** SOURCE DATA follows **

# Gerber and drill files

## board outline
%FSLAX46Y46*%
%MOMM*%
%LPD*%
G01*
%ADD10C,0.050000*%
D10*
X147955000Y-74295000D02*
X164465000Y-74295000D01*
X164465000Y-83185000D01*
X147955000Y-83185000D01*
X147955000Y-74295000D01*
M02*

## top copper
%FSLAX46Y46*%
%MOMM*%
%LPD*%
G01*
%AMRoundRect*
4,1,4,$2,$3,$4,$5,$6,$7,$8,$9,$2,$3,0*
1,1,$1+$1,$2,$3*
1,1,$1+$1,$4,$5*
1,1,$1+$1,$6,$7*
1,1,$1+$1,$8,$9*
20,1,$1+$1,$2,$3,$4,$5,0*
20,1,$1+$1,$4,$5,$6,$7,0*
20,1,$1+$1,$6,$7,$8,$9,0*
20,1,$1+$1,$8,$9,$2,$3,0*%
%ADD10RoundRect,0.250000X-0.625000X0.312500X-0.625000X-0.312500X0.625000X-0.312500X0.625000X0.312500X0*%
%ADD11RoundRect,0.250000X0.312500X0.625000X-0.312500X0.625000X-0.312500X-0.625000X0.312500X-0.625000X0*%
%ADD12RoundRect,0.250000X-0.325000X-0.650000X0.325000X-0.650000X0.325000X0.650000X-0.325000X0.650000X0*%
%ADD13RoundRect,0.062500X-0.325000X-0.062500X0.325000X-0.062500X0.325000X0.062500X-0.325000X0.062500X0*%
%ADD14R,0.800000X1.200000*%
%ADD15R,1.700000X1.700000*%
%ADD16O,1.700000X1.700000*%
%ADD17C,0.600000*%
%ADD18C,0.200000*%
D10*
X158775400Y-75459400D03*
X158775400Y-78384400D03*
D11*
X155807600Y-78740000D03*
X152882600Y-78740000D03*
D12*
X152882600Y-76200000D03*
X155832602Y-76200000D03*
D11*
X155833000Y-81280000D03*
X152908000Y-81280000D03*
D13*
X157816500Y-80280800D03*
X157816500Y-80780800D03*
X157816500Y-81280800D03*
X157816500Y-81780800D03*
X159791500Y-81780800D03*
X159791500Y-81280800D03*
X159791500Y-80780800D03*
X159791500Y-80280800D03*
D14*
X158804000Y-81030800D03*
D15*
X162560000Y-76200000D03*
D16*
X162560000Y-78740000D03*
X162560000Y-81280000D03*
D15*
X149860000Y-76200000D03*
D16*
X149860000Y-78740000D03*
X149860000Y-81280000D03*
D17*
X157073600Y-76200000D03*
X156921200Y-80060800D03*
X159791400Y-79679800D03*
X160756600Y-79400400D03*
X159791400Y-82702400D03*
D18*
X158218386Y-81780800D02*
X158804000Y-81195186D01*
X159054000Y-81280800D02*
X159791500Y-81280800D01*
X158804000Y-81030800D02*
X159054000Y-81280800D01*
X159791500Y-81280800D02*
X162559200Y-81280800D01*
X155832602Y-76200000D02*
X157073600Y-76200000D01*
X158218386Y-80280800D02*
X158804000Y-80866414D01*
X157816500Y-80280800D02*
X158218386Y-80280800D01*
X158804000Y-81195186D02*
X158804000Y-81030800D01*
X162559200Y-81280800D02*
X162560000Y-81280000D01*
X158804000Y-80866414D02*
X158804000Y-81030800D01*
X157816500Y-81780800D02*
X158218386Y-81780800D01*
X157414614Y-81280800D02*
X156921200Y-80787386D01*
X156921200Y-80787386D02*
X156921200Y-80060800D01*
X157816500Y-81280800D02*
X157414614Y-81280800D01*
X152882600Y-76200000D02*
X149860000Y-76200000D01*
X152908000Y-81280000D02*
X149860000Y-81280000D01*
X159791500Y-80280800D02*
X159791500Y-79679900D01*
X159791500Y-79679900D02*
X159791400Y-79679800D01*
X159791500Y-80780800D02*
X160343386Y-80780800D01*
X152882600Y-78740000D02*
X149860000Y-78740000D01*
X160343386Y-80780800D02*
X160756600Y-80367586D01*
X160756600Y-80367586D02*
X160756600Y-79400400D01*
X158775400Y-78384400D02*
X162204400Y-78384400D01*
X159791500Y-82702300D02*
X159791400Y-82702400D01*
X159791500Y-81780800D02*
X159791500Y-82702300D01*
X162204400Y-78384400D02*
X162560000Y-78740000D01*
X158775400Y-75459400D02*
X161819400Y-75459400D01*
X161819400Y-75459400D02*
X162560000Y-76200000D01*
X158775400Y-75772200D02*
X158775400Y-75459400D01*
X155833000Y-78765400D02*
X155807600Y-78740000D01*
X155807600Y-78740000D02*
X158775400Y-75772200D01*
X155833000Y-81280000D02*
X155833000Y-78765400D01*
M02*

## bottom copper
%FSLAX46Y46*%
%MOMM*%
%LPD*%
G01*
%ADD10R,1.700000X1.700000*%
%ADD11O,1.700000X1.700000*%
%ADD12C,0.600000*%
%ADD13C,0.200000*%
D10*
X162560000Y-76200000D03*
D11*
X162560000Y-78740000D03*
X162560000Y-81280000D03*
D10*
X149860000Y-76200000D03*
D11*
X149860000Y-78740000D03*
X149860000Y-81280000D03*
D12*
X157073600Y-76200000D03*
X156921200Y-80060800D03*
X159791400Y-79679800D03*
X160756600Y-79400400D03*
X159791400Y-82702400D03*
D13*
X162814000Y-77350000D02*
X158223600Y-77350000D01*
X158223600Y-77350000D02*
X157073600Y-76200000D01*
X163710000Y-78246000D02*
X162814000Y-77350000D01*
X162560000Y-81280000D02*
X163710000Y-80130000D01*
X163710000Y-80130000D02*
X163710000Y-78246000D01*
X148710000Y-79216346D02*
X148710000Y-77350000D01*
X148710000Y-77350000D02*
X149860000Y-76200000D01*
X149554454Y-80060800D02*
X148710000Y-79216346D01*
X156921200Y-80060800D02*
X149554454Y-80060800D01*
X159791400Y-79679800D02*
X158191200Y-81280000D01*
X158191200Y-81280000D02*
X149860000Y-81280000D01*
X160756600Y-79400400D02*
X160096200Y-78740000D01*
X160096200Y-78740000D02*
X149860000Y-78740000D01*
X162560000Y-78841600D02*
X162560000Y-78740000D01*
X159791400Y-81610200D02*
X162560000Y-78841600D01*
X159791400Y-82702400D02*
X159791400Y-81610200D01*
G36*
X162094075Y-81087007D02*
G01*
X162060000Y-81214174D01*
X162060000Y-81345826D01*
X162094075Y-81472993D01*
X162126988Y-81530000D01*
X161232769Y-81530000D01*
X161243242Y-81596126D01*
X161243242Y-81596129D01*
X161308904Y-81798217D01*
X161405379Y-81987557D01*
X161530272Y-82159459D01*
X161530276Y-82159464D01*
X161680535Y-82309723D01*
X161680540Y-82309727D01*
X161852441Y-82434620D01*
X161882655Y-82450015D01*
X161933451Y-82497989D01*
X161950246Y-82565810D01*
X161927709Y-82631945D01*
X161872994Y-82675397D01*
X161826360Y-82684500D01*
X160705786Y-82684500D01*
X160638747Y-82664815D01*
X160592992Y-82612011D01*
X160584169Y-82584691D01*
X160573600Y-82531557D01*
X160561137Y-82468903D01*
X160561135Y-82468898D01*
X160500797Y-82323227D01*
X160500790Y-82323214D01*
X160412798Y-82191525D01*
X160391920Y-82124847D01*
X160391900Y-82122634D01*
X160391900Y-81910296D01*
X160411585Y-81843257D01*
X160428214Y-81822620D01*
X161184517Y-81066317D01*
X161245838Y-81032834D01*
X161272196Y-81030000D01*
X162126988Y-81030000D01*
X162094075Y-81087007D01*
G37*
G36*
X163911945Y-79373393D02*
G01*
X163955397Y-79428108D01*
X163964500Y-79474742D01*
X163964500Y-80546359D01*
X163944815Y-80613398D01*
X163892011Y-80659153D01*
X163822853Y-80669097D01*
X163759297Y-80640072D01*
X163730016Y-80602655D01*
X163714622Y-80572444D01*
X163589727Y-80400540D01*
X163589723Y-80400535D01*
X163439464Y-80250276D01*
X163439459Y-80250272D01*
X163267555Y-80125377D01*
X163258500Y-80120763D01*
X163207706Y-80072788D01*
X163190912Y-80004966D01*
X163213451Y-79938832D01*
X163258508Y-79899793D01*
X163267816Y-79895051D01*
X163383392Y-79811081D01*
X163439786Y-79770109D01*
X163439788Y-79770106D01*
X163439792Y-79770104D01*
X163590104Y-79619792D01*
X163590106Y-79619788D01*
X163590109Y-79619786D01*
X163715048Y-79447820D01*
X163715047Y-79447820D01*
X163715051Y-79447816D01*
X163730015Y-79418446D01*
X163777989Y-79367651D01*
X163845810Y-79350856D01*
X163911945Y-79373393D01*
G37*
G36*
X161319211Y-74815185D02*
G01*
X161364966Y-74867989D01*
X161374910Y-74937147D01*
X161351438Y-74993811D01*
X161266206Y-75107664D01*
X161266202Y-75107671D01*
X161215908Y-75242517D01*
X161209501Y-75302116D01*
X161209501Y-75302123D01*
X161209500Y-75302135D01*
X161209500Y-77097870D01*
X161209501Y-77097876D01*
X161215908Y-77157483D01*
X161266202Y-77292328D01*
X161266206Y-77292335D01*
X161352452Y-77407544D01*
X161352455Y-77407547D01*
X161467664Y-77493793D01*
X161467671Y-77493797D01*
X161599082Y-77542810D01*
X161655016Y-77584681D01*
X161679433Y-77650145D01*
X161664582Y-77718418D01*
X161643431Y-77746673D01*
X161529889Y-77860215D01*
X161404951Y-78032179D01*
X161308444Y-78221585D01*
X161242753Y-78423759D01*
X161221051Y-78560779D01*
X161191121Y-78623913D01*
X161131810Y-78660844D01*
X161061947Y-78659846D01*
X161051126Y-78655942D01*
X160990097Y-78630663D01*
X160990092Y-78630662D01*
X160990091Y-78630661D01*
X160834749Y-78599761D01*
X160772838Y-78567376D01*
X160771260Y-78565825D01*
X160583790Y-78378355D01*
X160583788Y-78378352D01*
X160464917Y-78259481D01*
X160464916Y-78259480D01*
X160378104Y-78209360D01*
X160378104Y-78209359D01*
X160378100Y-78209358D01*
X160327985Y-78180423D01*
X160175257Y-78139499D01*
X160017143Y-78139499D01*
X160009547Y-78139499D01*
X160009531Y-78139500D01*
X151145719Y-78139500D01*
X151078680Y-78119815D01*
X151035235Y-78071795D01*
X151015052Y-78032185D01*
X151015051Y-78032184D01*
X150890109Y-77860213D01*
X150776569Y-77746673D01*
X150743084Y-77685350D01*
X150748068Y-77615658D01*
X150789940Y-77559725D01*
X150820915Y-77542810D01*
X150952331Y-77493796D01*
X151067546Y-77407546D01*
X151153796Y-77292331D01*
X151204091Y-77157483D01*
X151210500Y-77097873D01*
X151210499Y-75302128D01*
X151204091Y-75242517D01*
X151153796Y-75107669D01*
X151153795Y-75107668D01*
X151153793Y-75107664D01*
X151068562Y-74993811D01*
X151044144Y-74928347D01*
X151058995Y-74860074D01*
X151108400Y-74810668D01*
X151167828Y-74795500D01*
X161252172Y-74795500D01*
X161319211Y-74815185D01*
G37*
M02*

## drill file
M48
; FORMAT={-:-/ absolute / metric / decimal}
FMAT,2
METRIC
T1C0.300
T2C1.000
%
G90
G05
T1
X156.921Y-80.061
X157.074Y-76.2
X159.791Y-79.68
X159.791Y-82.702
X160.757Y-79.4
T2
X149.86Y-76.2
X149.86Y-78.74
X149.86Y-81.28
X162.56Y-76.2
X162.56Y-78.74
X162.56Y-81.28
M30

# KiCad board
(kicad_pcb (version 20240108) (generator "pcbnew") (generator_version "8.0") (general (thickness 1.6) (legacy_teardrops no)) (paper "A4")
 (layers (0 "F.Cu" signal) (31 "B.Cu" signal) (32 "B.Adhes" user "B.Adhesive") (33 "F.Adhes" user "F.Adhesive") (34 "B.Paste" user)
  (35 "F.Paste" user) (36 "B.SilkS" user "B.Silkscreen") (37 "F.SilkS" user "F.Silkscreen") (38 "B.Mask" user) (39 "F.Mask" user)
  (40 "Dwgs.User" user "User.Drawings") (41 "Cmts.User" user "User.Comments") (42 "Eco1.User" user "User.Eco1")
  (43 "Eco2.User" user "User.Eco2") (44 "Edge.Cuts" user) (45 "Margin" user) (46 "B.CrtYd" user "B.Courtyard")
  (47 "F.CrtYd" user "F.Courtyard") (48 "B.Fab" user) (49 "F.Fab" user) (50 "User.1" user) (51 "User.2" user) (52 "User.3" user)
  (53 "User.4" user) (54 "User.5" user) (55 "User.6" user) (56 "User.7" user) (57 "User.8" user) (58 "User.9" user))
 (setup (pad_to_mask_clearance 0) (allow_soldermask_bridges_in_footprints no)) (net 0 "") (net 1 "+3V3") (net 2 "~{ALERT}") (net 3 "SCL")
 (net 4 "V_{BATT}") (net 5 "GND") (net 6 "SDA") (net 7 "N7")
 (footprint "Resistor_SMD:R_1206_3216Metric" (layer "F.Cu") (at 158.7754 76.9219 -90)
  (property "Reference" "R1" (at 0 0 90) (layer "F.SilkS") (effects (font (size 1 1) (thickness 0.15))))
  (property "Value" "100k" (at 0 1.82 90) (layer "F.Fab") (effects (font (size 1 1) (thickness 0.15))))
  (pad "1" smd roundrect (at -1.4625 0 270) (size 1.125 1.75) (layers "F.Cu" "F.Paste" "F.Mask") (roundrect_rratio 0.222222) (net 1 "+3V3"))
  (pad "2" smd roundrect (at 1.4625 0 270) (size 1.125 1.75) (layers "F.Cu" "F.Paste" "F.Mask") (roundrect_rratio 0.222222)
   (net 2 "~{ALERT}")))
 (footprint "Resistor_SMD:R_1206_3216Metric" (layer "F.Cu") (at 154.3451 78.74 180)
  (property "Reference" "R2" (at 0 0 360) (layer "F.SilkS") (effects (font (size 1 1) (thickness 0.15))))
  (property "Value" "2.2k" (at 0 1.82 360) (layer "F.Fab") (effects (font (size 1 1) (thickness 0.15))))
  (pad "1" smd roundrect (at -1.4625 0 180) (size 1.125 1.75) (layers "F.Cu" "F.Paste" "F.Mask") (roundrect_rratio 0.222222) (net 1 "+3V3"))
  (pad "2" smd roundrect (at 1.4625 0 180) (size 1.125 1.75) (layers "F.Cu" "F.Paste" "F.Mask") (roundrect_rratio 0.222222) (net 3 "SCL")))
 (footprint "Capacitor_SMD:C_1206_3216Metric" (layer "F.Cu") (at 154.357601 76.2)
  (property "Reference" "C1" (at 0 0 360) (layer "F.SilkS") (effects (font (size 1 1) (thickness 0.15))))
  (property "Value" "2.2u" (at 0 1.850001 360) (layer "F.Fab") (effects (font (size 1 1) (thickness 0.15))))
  (pad "1" smd roundrect (at -1.475001 0) (size 1.15 1.8) (layers "F.Cu" "F.Paste" "F.Mask") (roundrect_rratio 0.217391) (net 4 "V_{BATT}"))
  (pad "2" smd roundrect (at 1.475001 0) (size 1.15 1.8) (layers "F.Cu" "F.Paste" "F.Mask") (roundrect_rratio 0.217391) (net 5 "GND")))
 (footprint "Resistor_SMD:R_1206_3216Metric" (layer "F.Cu") (at 154.3705 81.28 180)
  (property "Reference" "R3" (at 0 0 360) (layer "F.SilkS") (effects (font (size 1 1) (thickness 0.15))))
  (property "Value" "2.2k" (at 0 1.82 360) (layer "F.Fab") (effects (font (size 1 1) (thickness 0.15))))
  (pad "1" smd roundrect (at -1.4625 0 180) (size 1.125 1.75) (layers "F.Cu" "F.Paste" "F.Mask") (roundrect_rratio 0.222222) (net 1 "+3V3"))
  (pad "2" smd roundrect (at 1.4625 0 180) (size 1.125 1.75) (layers "F.Cu" "F.Paste" "F.Mask") (roundrect_rratio 0.222222) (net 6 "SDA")))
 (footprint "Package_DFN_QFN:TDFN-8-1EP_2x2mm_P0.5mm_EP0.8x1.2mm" (layer "F.Cu") (at 158.804 81.0308)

** End of SOURCE DATA **

# HOW TO COMPLETE THIS TASK:
Every line above from the line with "(setup (pad_to_mask_clearance 0)" to the line with "0 90) (layer" is wanted, ends included; write them out exactly and add no other line.

# TASK SOLUTION:
 (setup (pad_to_mask_clearance 0) (allow_soldermask_bridges_in_footprints no)) (net 0 "") (net 1 "+3V3") (net 2 "~{ALERT}") (net 3 "SCL")
 (net 4 "V_{BATT}") (net 5 "GND") (net 6 "SDA") (net 7 "N7")
 (footprint "Resistor_SMD:R_1206_3216Metric" (layer "F.Cu") (at 158.7754 76.9219 -90)
  (property "Reference" "R1" (at 0 0 90) (layer "F.SilkS") (effects (font (size 1 1) (thickness 0.15))))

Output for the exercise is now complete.